Any large health organization that seeks to care for large numbers of individuals faces a daunting problem: how to best allocate scarce resources. Recent history would suggest that the industry hasn’t been handling the allocation problem very well. By some estimates, up to 40% of healthcare spending is wasted. Waste comes in several forms: failure to deliver care according to best practices, uncoordinated or fragmented care, over-treatment, and fraud. Identifying these sources of waste can be tricky. Fixing the problem is trickier yet.
While there are several culprits responsible for waste in healthcare spending, one major player has proven particularly difficult to manage: lack of ability to predict health outcomes. This lack of predictive power, results in sheer guesswork when it comes to the allocation of resources such as home care services. To be more accurate, prediction has been difficult until the recent advent of big data. Large-scale data analytics may soon provide the tools we need to make sure that precious healthcare dollars are spent wisely. To explain how this works, it may be useful to compare healthcare spending to weather prediction.
How Healthcare is Like Meteorology
Predicting healthcare outcomes is much like predicting the weather. In the days prior to computerized weather modeling, it was difficult, depending on where you lived, to predict chances of rain 48 hours into the future, to say nothing of accurately declaring a 5-day forecast. The New England Hurricane of 1938 caught weathermen completely off-guard, with devastating consequences for residents of Long Island. Early 20th century meteorologists simply did not have access to sophisticated analytics that could integrate thousands of pieces of data into a coherent picture. Today, accurate storm forecasts permit resources to be allocated appropriately well in advance of major storms (Hurricane Katrina notwithstanding: The meteorologists predicted the storm accurately; the response is another story).
Similarly, healthcare organizations in the past had access to large amounts of data (usually in the form of insurance claims) but they lacked the means to make sense of these data, or to learn lessons that could help them allocate resources to individual patients. For example, when individuals were admitted to the hospital following a heart attack, physicians and nurses created discharge plans based on practice guidelines that were, at best the result of carefully-designed clinical trials. In practice, these discharge plans were often based on judgment and experience, not on data.
Enter Big Data
How will the next generation of “healthcare meteorologists” improve outcomes for individual patients? By means of predictive analytics! Today, when a patient is admitted to the hospital for a heart attack, their individual case is compared with millions of prior cases whose outcomes are already known. Predictive analytics allows caregivers to input all of the patient’s unique data and generate a plan that is most likely to result in the best possible outcome. In this patient’s case, this would mean preventing hospital re-admission, choosing the appropriate level of post-acute care, and allowing them to return home as healthy as possible.
The promise of big data does not end when the patient leaves the hospital. Integrated systems of communication between the patient, their care providers, home care agencies and post-acute care facilities allow the system to learn from every patient who experiences a health event. Predictive analytics systems are designed to improve their outputs over time.

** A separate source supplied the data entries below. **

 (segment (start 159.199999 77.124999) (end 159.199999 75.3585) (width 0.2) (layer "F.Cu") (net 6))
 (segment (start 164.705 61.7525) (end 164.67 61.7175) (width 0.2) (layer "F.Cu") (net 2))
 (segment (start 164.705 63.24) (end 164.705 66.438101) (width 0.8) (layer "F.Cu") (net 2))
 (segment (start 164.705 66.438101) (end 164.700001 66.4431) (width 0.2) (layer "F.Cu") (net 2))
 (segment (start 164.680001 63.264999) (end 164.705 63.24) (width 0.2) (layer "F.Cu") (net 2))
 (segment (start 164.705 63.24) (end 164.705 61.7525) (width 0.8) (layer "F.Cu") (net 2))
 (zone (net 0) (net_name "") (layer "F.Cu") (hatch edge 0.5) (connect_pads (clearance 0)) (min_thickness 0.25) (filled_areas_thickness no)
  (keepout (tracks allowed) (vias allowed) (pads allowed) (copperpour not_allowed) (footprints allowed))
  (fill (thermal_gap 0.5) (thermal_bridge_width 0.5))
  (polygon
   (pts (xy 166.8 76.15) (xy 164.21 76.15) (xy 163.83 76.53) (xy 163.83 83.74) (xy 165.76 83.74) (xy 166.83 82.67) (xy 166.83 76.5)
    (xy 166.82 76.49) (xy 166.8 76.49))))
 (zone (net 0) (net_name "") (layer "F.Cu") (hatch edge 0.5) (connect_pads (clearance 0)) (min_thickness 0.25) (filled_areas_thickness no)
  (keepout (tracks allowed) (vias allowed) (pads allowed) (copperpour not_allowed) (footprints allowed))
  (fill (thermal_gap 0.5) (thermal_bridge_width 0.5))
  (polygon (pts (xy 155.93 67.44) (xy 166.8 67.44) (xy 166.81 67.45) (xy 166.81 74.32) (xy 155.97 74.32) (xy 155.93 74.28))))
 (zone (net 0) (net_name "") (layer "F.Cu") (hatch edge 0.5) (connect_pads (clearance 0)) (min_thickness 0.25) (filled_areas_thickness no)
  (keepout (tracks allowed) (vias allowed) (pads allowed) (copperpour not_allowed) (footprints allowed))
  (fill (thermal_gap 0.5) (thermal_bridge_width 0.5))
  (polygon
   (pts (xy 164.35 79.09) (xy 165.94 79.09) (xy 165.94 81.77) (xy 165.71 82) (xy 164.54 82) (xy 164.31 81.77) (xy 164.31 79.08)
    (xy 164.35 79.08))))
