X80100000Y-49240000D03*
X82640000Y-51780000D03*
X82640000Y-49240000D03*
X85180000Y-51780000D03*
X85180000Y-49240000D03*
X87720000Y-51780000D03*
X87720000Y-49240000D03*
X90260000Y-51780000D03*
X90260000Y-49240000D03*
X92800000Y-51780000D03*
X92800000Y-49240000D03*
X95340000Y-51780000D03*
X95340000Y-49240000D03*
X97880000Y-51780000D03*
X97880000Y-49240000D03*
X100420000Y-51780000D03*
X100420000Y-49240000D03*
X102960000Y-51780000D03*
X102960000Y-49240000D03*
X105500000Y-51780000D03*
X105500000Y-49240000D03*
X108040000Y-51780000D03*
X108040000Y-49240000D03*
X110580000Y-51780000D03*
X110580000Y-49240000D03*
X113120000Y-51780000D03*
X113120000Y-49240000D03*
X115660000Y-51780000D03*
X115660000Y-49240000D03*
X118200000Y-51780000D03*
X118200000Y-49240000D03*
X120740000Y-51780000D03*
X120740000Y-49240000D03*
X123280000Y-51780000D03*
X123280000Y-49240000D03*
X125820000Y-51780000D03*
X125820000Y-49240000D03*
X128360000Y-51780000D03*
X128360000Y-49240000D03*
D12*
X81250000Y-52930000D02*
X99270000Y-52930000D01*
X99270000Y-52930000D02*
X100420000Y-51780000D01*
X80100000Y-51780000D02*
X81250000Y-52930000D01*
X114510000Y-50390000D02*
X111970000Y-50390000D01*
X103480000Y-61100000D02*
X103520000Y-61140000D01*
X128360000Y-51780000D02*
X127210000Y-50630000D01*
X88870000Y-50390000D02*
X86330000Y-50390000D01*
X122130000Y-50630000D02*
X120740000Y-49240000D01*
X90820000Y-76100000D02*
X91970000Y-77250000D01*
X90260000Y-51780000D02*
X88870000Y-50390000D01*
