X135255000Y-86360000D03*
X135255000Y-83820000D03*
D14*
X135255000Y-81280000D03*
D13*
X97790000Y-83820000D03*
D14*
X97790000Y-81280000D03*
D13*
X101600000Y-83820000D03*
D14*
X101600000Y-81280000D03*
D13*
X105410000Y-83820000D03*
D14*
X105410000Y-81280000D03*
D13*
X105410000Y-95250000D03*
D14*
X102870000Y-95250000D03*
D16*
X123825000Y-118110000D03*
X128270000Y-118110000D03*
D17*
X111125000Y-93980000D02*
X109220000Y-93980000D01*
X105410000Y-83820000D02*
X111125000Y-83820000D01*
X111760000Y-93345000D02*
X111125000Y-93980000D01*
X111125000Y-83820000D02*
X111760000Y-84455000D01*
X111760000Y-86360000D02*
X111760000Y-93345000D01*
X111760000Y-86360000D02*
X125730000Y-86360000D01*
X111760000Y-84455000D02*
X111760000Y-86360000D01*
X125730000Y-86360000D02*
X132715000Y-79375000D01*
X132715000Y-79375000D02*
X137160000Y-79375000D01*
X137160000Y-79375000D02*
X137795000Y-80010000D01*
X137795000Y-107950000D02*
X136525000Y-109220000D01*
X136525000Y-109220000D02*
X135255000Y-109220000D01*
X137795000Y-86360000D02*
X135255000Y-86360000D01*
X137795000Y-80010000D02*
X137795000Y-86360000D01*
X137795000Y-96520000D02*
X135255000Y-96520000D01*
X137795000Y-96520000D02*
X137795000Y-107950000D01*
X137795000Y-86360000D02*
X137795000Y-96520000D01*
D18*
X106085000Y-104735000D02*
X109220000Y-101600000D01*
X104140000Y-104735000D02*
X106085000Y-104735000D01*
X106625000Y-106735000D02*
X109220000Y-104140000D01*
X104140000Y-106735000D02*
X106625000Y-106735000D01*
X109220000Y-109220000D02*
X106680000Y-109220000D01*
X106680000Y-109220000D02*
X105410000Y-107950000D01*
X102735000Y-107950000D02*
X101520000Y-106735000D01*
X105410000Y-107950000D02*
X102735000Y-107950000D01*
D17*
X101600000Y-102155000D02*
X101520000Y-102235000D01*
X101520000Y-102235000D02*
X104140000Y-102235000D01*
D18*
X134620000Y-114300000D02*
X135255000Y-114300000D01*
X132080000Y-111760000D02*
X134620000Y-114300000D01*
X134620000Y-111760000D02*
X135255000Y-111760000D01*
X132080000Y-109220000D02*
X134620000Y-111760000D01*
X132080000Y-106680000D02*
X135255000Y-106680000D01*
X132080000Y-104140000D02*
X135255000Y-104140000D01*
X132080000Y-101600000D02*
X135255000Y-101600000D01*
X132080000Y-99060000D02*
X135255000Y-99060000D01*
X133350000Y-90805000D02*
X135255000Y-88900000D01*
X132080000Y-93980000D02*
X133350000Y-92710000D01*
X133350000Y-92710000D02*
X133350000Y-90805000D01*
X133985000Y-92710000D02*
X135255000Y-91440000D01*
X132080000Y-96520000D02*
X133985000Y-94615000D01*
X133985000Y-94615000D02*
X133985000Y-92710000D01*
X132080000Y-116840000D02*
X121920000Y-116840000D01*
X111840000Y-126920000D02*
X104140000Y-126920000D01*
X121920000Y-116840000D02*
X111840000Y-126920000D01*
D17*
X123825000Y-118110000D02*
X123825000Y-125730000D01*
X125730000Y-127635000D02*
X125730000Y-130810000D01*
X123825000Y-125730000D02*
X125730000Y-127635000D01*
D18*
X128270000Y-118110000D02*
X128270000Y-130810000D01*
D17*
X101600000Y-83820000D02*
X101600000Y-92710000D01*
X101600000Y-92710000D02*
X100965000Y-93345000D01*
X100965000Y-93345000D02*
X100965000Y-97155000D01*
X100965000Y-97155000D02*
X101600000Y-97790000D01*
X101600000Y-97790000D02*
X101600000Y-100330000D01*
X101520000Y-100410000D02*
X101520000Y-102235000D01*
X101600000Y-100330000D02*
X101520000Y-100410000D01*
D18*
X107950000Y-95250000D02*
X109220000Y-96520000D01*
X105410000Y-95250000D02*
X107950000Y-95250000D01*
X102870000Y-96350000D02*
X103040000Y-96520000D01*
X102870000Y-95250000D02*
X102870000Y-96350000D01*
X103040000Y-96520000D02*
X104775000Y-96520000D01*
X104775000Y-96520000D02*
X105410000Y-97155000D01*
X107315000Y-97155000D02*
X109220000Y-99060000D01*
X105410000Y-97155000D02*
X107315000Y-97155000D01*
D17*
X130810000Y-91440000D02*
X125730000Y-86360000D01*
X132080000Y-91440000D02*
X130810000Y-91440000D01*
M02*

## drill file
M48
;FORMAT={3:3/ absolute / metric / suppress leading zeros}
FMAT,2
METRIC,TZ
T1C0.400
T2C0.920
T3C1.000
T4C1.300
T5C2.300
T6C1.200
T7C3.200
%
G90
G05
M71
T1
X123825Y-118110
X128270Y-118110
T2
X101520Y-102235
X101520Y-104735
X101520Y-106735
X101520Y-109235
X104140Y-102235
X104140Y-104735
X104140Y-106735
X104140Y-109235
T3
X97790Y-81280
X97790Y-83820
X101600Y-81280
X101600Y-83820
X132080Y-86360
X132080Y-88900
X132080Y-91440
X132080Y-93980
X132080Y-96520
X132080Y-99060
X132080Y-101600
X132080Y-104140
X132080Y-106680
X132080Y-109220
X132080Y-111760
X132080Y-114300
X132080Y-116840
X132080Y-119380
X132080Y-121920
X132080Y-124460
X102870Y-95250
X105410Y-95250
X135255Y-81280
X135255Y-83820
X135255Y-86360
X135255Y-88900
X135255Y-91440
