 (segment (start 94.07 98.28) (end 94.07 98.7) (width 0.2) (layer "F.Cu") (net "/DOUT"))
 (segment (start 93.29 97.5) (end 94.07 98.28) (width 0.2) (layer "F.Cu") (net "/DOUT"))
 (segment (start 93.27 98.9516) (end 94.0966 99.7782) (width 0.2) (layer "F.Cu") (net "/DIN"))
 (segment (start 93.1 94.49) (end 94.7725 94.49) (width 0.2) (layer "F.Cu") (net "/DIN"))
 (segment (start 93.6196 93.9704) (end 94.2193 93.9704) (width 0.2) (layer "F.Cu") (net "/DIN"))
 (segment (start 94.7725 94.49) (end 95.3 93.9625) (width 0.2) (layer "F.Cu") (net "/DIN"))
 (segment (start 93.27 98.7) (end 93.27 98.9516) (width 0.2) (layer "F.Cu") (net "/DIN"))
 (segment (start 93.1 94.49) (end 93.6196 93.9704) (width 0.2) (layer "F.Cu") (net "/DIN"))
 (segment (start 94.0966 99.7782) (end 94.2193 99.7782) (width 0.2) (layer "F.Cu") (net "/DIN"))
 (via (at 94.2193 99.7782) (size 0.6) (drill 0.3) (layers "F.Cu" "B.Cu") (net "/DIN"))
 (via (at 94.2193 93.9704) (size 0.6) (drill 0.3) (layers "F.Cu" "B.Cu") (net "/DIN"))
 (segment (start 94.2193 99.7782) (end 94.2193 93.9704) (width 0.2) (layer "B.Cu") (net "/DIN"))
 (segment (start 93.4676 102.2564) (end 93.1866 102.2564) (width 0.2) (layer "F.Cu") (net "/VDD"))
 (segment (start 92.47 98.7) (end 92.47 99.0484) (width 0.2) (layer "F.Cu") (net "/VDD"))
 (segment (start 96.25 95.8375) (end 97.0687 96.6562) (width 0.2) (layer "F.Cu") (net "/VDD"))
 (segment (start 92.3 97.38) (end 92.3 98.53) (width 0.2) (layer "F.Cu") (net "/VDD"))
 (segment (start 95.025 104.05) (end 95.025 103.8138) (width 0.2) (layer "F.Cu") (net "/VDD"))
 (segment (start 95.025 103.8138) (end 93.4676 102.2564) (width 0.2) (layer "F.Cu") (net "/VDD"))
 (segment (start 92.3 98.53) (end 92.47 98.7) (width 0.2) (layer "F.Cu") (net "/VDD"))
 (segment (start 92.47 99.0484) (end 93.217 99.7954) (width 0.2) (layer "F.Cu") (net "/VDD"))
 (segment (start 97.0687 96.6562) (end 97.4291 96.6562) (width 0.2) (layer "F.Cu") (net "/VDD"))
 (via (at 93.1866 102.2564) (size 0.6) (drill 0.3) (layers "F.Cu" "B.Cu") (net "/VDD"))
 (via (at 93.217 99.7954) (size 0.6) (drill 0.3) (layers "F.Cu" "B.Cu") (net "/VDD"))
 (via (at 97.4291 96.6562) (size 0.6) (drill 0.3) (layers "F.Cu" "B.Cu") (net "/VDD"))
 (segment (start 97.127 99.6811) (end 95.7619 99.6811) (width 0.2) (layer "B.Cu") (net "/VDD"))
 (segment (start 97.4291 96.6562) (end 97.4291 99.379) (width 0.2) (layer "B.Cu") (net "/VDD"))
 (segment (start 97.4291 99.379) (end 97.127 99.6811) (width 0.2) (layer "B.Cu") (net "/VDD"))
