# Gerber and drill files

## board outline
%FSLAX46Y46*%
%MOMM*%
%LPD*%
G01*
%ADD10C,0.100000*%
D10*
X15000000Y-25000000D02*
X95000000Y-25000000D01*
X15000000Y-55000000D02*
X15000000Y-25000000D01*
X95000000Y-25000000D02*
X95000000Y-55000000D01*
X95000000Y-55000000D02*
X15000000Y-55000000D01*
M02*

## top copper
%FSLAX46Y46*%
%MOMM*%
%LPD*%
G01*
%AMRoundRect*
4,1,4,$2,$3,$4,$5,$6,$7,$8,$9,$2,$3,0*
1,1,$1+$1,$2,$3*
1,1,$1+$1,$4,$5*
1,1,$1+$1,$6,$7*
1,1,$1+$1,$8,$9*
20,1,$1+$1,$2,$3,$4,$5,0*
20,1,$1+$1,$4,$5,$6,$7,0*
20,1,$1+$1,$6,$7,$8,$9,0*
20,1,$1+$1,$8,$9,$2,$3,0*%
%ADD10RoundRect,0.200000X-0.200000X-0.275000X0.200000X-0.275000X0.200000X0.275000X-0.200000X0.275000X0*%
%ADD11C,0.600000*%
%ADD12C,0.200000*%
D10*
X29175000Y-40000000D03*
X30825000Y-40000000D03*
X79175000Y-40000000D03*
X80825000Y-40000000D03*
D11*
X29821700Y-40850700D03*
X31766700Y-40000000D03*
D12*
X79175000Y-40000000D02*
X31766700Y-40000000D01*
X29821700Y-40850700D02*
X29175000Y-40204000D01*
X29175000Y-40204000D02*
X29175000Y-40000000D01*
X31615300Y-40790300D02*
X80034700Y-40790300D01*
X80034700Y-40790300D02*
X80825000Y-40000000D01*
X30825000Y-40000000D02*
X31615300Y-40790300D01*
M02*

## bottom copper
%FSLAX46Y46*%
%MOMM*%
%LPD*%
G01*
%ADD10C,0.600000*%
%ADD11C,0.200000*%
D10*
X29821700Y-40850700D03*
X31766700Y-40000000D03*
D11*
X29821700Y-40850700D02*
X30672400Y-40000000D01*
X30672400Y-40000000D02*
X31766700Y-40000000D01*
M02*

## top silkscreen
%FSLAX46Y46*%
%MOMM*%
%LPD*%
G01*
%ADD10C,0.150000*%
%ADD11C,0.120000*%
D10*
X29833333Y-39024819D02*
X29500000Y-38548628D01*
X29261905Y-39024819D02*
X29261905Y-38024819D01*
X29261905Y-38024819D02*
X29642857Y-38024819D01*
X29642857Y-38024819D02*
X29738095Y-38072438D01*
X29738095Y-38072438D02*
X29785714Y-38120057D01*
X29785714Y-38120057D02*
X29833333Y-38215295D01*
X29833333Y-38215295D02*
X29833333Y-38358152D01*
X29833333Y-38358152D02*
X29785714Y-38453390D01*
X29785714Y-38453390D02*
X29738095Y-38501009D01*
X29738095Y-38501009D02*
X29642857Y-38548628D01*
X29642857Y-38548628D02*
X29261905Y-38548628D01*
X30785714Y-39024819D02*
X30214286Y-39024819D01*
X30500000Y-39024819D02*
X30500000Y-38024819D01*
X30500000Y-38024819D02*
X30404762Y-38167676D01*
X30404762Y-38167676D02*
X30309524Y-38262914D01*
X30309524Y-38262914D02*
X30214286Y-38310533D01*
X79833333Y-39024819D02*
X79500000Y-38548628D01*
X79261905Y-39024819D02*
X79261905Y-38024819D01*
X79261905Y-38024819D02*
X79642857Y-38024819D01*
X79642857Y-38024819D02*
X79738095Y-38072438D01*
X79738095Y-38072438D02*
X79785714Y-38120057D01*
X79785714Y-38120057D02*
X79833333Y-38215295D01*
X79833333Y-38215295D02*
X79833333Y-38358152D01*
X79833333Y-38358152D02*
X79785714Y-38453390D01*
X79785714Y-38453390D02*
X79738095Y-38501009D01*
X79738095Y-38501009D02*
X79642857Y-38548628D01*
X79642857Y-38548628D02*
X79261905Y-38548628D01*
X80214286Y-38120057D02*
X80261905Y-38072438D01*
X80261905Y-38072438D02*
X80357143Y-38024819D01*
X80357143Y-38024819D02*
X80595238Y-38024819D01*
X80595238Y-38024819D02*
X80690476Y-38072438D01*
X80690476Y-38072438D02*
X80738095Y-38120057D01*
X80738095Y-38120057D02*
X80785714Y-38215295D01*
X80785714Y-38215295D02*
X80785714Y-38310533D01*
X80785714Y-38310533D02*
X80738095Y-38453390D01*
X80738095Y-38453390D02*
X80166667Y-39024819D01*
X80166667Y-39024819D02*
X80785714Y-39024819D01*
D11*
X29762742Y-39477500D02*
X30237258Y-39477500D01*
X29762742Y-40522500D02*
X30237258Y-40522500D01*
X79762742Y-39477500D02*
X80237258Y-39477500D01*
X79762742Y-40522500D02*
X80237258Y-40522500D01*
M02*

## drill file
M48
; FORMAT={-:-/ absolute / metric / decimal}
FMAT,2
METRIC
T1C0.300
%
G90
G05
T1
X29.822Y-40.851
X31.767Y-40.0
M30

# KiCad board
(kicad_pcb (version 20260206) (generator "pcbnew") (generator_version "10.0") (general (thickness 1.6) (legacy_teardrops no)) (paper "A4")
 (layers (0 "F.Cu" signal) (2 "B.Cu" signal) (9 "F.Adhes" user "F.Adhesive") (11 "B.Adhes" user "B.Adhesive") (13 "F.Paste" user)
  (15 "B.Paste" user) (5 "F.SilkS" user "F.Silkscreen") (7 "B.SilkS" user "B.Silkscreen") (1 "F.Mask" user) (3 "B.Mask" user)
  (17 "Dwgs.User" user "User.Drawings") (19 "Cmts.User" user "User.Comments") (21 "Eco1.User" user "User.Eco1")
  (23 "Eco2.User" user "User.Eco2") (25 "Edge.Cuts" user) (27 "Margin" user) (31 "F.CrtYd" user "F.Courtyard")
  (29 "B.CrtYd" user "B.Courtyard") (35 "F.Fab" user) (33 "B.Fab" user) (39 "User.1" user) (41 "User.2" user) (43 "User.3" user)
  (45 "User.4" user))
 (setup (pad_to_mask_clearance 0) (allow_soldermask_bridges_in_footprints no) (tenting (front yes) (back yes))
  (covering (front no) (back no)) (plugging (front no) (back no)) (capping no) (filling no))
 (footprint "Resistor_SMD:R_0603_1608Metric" (layer "F.Cu") (at 30 40)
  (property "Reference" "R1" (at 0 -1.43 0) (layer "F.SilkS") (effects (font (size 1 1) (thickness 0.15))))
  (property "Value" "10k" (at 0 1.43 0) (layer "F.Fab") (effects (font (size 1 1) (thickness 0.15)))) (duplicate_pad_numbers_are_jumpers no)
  (fp_line (start -0.237258 -0.5225) (end 0.237258 -0.5225) (stroke (width 0.12) (type solid)) (layer "F.SilkS"))
  (fp_line (start -0.237258 0.5225) (end 0.237258 0.5225) (stroke (width 0.12) (type solid)) (layer "F.SilkS"))
  (pad "1" smd roundrect (at -0.825 0) (size 0.8 0.95) (layers "F.Cu" "F.Mask" "F.Paste") (roundrect_rratio 0.25) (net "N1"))
  (pad "2" smd roundrect (at 0.825 0) (size 0.8 0.95) (layers "F.Cu" "F.Mask" "F.Paste") (roundrect_rratio 0.25) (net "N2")))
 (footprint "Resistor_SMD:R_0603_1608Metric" (layer "F.Cu") (at 80 40)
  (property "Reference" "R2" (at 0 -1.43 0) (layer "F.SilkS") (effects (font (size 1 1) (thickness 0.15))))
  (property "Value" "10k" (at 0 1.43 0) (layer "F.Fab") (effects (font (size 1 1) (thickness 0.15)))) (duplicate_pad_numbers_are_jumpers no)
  (fp_line (start -0.237258 -0.5225) (end 0.237258 -0.5225) (stroke (width 0.12) (type solid)) (layer "F.SilkS"))
  (fp_line (start -0.237258 0.5225) (end 0.237258 0.5225) (stroke (width 0.12) (type solid)) (layer "F.SilkS"))
  (pad "1" smd roundrect (at -0.825 0) (size 0.8 0.95) (layers "F.Cu" "F.Mask" "F.Paste") (roundrect_rratio 0.25) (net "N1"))
  (pad "2" smd roundrect (at 0.825 0) (size 0.8 0.95) (layers "F.Cu" "F.Mask" "F.Paste") (roundrect_rratio 0.25) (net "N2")))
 (gr_line (start 15 25) (end 95 25) (stroke (width 0.1) (type default)) (layer "Edge.Cuts"))
 (gr_line (start 15 55) (end 15 25) (stroke (width 0.1) (type default)) (layer "Edge.Cuts"))
 (gr_line (start 95 25) (end 95 55) (stroke (width 0.1) (type default)) (layer "Edge.Cuts"))
 (gr_line (start 95 55) (end 15 55) (stroke (width 0.1) (type default)) (layer "Edge.Cuts"))
 (segment (start 79.175 40) (end 31.7667 40) (width 0.2) (layer "F.Cu") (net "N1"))
 (segment (start 29.8217 40.8507) (end 29.175 40.204) (width 0.2) (layer "F.Cu") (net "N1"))
 (segment (start 29.175 40.204) (end 29.175 40) (width 0.2) (layer "F.Cu") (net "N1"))
 (via (at 29.8217 40.8507) (size 0.6) (drill 0.3) (layers "F.Cu" "B.Cu") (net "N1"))
 (via (at 31.7667 40) (size 0.6) (drill 0.3) (layers "F.Cu" "B.Cu") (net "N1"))
 (segment (start 29.8217 40.8507) (end 30.6724 40) (width 0.2) (layer "B.Cu") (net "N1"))
 (segment (start 30.6724 40) (end 31.7667 40) (width 0.2) (layer "B.Cu") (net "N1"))
 (segment (start 31.6153 40.7903) (end 80.0347 40.7903) (width 0.2) (layer "F.Cu") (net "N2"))
 (segment (start 80.0347 40.7903) (end 80.825 40) (width 0.2) (layer "F.Cu") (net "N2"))
 (segment (start 30.825 40) (end 31.6153 40.7903) (width 0.2) (layer "F.Cu") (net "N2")))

The Future of Big Data in Healthcare
In the past, decision-making in healthcare was often driven by templates and top-down practice guidelines. These worked well-enough, but big data promises to provide even better outcomes. Big data in healthcare creates decision-making processes that place the patient, not a bureaucratic, template-generating machine, at the center. The patient’s individual preferences and needs are the starting point. From there, healthcare providers will employ accurate, constantly improving data to draw a map of the shortest distance between the patient and the desired outcome, health and well-being. Today’s healthcare “weather forecasters” never had it so good.